I am extremely proud of them, and also proud of whatever small part I was able to play in bringing them together as a team.
On Monday, following the big game, my wife was admitted to the hospital once again. That will be covered in my next post. I've been here with her ever since, and have not felt particularily celebratory, so that's why I'm just now getting this posted. However, on Thursday I was able to leave her long enough to go to our field and bask in our success for a while. We gathered the team and had a Home-Run Derby, which was won by one of the weaker hitters on our team, a kid we often DH'ed for. That was a wonderful surprise. Then we unfurled our championship banner, handed out our pins, took some pictures and marched over to the flag poles in the commons area. There we took down the '03 banner, which was the last time any team from our league had won a district title, and raised up our new trophy flag.

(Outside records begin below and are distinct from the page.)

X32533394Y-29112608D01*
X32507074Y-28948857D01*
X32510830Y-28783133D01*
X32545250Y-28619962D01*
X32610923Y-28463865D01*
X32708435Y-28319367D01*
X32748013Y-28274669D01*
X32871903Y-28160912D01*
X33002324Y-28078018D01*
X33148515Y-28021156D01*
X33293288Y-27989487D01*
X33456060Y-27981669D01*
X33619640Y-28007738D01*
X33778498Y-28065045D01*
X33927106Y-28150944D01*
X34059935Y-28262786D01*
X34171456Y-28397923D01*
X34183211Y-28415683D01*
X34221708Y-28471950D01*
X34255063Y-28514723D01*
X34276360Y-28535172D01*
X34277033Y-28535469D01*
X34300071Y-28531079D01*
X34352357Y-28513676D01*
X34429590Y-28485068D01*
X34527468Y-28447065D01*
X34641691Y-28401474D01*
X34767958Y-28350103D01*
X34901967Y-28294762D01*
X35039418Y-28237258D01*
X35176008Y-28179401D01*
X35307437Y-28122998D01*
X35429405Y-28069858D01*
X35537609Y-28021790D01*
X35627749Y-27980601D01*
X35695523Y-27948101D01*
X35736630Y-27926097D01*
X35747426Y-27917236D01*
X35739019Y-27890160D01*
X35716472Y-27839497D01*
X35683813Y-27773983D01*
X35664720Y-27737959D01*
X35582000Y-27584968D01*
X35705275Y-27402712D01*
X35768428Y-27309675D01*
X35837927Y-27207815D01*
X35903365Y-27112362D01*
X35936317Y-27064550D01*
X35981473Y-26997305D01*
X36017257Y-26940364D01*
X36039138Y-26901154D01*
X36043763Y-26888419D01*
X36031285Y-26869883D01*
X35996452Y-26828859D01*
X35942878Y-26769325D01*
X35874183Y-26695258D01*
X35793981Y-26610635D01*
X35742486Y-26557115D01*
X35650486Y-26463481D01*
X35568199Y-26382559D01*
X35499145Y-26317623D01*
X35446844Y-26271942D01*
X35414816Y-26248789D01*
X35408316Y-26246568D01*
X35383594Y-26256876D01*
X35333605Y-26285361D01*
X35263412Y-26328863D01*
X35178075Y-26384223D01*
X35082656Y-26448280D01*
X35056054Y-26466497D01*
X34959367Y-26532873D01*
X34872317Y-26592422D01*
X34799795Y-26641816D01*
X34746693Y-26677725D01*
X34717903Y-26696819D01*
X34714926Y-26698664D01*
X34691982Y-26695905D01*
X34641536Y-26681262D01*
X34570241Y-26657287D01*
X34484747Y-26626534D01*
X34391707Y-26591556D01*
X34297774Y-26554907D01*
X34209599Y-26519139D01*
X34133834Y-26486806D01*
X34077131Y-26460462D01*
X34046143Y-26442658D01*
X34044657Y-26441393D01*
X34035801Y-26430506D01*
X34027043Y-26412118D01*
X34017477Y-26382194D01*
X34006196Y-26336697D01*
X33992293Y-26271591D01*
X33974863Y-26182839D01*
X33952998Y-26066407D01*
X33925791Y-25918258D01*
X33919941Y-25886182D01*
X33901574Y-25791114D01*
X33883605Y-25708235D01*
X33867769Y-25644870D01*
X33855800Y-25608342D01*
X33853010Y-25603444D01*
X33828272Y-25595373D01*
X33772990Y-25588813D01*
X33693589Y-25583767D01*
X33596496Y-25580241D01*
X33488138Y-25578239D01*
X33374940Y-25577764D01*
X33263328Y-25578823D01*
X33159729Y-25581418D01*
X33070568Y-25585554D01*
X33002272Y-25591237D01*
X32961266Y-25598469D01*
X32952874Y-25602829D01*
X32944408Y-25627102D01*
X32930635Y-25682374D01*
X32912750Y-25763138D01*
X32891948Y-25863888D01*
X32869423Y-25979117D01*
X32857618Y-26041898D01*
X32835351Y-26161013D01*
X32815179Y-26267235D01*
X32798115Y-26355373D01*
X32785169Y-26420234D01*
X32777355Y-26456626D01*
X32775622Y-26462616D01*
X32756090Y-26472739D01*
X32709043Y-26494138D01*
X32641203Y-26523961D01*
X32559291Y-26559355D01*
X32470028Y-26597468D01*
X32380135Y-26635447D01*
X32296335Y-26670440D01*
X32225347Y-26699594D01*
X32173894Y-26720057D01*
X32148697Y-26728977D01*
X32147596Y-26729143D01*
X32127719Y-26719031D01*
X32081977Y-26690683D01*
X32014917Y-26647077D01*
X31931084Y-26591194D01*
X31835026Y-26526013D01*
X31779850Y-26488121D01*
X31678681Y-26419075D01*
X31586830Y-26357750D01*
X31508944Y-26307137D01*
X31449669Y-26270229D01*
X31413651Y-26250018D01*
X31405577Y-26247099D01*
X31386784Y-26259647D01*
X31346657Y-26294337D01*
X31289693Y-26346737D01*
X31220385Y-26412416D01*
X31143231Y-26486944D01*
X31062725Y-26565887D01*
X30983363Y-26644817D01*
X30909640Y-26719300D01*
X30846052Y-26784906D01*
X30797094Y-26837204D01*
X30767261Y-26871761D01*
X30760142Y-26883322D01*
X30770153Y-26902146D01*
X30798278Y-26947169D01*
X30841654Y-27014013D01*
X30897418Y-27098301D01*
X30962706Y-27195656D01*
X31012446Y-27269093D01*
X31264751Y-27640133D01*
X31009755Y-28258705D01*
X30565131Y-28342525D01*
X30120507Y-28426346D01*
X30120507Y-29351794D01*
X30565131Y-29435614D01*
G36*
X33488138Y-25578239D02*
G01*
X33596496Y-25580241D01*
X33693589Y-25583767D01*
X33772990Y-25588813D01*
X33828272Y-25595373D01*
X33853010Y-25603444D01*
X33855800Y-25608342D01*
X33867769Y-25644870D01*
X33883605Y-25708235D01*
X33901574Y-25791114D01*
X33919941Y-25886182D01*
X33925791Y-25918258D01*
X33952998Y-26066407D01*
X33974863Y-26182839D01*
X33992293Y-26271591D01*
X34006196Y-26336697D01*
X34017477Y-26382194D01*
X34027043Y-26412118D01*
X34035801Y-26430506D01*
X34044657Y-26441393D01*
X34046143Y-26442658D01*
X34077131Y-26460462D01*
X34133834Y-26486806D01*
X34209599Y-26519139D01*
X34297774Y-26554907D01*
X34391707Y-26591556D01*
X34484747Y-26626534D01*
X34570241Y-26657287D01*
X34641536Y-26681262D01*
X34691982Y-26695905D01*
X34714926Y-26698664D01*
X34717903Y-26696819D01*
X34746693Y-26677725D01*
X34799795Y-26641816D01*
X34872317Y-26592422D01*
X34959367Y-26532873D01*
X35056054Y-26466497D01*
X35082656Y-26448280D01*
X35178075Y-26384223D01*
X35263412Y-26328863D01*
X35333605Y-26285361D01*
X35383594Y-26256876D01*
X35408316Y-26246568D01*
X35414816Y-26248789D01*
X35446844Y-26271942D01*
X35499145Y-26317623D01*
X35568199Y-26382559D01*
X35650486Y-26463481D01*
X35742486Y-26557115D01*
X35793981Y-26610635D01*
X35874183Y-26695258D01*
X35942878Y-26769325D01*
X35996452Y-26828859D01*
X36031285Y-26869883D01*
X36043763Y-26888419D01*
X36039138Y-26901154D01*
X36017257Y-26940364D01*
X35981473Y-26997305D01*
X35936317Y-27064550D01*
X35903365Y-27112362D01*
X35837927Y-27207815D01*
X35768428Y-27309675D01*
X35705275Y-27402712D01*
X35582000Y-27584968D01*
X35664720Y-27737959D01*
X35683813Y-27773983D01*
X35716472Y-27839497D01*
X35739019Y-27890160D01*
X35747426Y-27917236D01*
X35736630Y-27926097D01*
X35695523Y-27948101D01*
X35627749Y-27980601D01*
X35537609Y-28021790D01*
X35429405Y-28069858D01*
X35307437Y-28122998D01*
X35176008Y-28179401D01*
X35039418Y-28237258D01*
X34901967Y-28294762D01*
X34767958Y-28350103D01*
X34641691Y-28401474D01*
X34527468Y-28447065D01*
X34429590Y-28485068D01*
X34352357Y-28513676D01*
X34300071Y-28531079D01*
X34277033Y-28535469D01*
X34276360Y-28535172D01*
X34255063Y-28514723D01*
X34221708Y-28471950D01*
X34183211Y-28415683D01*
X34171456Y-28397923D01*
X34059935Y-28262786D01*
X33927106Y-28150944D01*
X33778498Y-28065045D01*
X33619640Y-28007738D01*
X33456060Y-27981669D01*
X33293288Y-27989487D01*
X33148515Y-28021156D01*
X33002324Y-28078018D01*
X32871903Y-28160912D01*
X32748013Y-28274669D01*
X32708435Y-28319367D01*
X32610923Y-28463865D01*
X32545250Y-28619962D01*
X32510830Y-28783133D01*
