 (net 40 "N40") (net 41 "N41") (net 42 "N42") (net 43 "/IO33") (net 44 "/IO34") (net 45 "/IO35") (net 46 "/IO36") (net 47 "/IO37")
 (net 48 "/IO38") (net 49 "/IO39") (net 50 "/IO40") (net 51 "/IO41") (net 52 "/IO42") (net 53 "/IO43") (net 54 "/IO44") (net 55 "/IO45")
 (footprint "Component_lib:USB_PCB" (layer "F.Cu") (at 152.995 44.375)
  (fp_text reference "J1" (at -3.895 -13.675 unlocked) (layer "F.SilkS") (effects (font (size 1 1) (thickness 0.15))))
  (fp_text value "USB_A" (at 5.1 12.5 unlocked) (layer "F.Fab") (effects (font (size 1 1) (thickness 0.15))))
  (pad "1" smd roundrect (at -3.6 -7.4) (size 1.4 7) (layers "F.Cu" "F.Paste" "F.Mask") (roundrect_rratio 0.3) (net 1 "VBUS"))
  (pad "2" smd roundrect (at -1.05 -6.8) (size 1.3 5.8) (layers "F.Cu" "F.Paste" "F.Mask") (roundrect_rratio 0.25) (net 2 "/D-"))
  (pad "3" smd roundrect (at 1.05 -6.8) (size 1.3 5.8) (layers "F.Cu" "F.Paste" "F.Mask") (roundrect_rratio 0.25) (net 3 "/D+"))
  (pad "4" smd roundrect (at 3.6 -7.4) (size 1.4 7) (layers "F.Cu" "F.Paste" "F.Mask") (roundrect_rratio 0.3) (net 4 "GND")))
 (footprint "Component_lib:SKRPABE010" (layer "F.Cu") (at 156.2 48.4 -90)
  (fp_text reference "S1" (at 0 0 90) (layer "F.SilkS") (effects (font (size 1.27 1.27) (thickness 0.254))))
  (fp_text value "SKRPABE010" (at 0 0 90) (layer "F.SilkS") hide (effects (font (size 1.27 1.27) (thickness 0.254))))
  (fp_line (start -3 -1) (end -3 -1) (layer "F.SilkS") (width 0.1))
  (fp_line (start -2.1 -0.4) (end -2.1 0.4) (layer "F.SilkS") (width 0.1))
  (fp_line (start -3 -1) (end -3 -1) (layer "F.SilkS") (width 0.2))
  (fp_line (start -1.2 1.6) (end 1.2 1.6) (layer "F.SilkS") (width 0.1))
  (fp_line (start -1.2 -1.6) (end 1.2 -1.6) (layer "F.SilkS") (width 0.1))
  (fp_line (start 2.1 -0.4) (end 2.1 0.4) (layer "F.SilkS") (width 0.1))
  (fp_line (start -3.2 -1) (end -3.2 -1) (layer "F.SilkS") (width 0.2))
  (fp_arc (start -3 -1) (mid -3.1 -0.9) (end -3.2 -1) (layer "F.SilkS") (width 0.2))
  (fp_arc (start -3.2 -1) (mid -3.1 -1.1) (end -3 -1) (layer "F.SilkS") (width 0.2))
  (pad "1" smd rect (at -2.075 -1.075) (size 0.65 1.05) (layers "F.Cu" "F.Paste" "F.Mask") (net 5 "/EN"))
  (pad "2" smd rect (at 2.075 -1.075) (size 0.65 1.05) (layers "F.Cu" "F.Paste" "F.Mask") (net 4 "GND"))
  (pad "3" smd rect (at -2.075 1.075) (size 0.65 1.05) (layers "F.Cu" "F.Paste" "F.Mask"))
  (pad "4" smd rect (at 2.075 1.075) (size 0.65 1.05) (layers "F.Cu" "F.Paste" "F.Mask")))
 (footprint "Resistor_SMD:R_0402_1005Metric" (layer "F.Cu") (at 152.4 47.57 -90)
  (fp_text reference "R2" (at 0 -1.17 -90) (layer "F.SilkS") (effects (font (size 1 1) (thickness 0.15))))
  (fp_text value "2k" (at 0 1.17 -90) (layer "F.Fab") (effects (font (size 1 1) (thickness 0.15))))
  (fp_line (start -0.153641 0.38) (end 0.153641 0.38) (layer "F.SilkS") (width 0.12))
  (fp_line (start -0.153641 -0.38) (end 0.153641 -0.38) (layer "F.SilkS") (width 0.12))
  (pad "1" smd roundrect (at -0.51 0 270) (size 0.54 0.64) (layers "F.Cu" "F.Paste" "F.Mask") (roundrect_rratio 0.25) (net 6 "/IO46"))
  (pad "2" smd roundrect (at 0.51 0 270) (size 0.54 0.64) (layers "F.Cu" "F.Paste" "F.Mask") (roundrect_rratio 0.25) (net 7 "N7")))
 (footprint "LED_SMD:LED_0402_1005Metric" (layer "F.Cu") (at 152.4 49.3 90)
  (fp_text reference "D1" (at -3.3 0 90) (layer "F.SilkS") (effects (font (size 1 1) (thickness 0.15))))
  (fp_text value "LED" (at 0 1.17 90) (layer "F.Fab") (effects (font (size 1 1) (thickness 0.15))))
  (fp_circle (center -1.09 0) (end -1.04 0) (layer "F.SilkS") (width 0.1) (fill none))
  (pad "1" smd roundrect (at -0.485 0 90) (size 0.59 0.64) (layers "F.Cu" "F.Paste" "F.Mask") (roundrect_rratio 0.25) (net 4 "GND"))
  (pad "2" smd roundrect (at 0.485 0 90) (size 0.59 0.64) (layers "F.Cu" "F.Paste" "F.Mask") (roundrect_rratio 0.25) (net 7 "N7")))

It was incredibly satisfying.
I am obligated to point out that winning a Big League title is easier than winning a district title at the younger ages, simply because there is less competition. Only 4 other leagues in our district fielded a team this year, compared to the 21 teams that were entered in the 12 year-old tournament this year. I have coached a runner-up team twice in that age group and finished third once.
However, even though those runner-up efforts may have been more difficult achievements in the strictest sense, they do not compare with seeing that flag flying as I turn into the complex. Finally, the job was finished instead of just getting close.
Fourteen wins, three of them against arch-rival Kernersville, only two losses, and a district championship. This was indeed a special season and I will not forget it, nor will I forget this special group of young men who made it happen.